Below is an overview of available methods grouped by category.

### 🔐 Connection

- `login(username: str, password: str) -> str`
- `auth(auth: str = None, token: str = None) -> Dremio`

### 📚 Catalog

#### Retrieval
- `get_catalog_by_id(id: UUID) -> CatalogObject`
- `get_catalog_by_path(path: list[str]) -> CatalogObject`  
  - Accepts both list format (`["space", "dataset"]`) and string format (`"space/dataset"`)

#### Creation
- `create_catalog_item(item: NewCatalogObject | dict) -> CatalogObject`

#### Updating
- `update_catalog_item(id: UUID | item: NewCatalogObject | dict) -> CatalogObject`
- `update_catalog_item_by_path(path: list[str], item: NewCatalogObject | dict) -> CatalogObject`

#### Deletion
- `delete_catalog_item(id: UUID) -> bool`  
  - Returns `True` if successful

#### Copying
- `copy_catalog_item_by_path(path: list[str], new_path: list[str]) -> CatalogObject`

#### Refreshing
- `refresh_catalog(id: UUID) -> CatalogObject`

#### Exploration
- `get_catalog_tree(id: str = None, path: str | list[str] = None)`  
  - ⚠️ Expensive operation, intended for exploration and mapping only

### 📊 Dataset

- `get_dataset(path: list[str] | str | None = None, *, id: UUID | None = None) -> Dataset`
- `create_dataset(path: list[str] | str, sql: str | SQLRequest, type: Literal['PHYSICAL_DATASET', 'VIRTUAL_DATASET'] = 'VIRTUAL_DATASET') -> Dataset`
- `delete_dataset(path: list[str] | str) -> bool`
- `copy_dataset(source_path: list[str] | str, target_path: list[str] | str) -> Dataset`
- `reference_dataset(source_path: list[str] | str, target_path: list[str] | str) -> Dataset`

### 🗂️ Folder

- `get_folder(path: list[str] | str | None = None, *, id: UUID | None = None) -> Folder`
- `create_folder(path: str | list[str]) -> Folder`
- `delete_folder(path: str | list[str], recursive: bool = True) -> bool`
- `copy_folder(source_path: list[str] | str, target_path: list[str] | str, *, assume_privileges: bool = True, relative_references: bool = False) -> Folder`
- `reference_folder(source_path: list[str] | str, target_path: list[str] | str, *, assume_privileges: bool = True) -> Folder`

### 🤝 Collaboration

Wiki and tags are associated by the **ID of the collection item**.  
The tags object contains an array of tags.

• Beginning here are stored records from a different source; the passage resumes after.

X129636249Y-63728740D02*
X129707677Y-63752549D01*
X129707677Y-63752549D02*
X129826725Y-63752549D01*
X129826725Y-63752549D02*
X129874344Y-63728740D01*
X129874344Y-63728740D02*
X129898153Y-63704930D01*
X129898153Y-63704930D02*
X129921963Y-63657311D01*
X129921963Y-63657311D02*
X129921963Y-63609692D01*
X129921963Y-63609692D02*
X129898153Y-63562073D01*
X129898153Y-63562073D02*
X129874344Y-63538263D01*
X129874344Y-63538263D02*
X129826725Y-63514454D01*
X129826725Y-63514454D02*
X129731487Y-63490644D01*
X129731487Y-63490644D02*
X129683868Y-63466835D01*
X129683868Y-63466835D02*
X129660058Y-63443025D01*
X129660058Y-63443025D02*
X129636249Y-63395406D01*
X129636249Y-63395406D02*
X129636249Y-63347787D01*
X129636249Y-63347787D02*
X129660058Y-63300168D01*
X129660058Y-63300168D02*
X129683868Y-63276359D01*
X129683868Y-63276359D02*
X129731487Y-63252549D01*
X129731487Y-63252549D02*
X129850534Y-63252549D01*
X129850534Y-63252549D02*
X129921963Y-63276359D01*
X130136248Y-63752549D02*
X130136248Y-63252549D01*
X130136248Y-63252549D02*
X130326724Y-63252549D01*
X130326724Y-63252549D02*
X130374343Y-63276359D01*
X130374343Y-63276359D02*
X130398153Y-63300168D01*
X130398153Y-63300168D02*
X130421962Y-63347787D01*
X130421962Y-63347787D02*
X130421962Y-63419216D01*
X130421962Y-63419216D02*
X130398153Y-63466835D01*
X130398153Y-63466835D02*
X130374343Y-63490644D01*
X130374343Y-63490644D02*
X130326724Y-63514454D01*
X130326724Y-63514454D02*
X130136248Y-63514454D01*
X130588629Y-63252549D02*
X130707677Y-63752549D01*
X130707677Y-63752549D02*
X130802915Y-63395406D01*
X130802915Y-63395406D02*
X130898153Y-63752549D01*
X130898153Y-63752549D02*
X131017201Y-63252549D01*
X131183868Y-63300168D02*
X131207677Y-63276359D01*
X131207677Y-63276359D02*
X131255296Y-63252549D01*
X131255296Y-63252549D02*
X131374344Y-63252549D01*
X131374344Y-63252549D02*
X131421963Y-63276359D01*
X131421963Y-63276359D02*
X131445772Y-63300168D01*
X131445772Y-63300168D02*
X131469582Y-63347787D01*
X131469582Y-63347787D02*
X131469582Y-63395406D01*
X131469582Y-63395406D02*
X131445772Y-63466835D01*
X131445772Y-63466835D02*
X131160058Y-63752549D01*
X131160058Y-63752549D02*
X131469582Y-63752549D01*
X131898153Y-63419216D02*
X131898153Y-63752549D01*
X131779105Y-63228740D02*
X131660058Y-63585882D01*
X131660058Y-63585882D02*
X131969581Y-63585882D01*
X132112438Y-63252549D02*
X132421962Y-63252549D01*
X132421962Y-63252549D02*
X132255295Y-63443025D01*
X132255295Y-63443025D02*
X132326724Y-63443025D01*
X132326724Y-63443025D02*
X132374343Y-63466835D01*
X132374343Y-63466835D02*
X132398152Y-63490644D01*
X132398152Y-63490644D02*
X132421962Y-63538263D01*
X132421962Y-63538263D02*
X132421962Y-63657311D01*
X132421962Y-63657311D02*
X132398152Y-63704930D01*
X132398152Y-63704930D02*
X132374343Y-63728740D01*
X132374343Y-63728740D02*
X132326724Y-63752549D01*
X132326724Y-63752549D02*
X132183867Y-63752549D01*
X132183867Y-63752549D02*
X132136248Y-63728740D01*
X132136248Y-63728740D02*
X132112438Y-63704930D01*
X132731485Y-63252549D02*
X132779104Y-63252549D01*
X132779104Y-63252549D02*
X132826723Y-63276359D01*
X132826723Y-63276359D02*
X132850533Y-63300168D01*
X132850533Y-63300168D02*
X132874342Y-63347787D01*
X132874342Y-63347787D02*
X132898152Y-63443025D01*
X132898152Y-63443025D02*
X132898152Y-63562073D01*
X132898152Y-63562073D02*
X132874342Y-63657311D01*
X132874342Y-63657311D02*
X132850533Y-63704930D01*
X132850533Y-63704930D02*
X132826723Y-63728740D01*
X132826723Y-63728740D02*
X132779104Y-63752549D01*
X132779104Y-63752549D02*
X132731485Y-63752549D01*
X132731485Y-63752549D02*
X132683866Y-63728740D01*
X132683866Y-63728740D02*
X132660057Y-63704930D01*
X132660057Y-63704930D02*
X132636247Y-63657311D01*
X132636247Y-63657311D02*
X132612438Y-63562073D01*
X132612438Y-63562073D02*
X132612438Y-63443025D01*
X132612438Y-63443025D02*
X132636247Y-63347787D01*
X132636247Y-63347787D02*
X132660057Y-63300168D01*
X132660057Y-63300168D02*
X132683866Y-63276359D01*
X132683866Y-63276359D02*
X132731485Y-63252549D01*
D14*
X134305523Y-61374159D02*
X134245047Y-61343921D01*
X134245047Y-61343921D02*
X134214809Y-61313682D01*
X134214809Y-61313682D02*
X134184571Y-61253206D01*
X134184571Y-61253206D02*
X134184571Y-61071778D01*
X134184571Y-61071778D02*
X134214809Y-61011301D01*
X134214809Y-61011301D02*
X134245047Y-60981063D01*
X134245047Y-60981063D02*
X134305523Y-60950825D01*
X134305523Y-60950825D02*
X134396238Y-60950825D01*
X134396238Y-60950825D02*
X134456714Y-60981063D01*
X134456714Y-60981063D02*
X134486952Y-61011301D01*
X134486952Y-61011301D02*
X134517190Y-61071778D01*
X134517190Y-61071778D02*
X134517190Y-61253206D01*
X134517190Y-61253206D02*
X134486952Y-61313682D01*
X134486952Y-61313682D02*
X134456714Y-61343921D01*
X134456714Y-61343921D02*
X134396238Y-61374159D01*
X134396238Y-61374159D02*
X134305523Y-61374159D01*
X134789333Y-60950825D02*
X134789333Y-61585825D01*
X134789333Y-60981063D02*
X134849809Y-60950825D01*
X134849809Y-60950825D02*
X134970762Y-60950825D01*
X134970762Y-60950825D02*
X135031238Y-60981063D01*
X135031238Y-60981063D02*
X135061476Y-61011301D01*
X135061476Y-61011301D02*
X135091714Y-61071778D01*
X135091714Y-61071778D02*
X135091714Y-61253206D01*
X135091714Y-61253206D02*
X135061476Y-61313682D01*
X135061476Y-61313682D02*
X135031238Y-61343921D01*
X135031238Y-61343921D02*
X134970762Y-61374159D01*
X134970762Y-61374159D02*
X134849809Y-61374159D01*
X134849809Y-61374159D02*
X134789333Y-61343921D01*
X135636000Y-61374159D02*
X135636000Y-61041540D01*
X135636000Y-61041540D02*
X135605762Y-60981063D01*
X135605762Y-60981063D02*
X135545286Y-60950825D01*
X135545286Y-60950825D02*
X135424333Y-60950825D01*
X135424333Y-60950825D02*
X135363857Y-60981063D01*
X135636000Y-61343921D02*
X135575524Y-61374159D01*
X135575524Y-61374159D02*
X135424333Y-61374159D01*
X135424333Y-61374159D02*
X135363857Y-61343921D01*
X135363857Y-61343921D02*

- `get_wiki(id: UUID) -> Wiki`
- `set_wiki(id: UUID, wiki: Wiki) -> Wiki`
- `get_tags(id: str) -> Tags`
- `set_tags(id: str, tags: Tags) -> Tags`

### 🧠 SQL

- `sql(sql_request: SQLRequest) -> JobId`
- `start_job_on_dataset(id: UUID) -> JobId`
- `get_job_info(id: UUID) -> Job`
- `cancel_job(id: UUID) -> Job`
- `get_job_results(id: UUID) -> JobResult`
- `sql_results(sql_request: SQLRequest) -> Job | JobResult`

### 👤 User

- `get_users() -> list[User]`
- `get_user(id: UUID) -> User`
- `get_user_by_name(name: str) -> User`
- `create_user(user: User) -> User`
- `update_user(id: UUID, user: User) -> User`
- `delete_user(id: UUID, tag: str) -> bool`  
  - Returns `True` if deletion was successful

## Roadmap

- [x] Publish to PyPI
- [ ] CLI support
<!-- - [ ] Async support -->

## Contributing

Contributions are welcome! Please open issues or pull requests for features, bugs, or improvements.

## License

This project is licensed under the BSD License. See the [LICENSE](LICENSE.txt) file for details.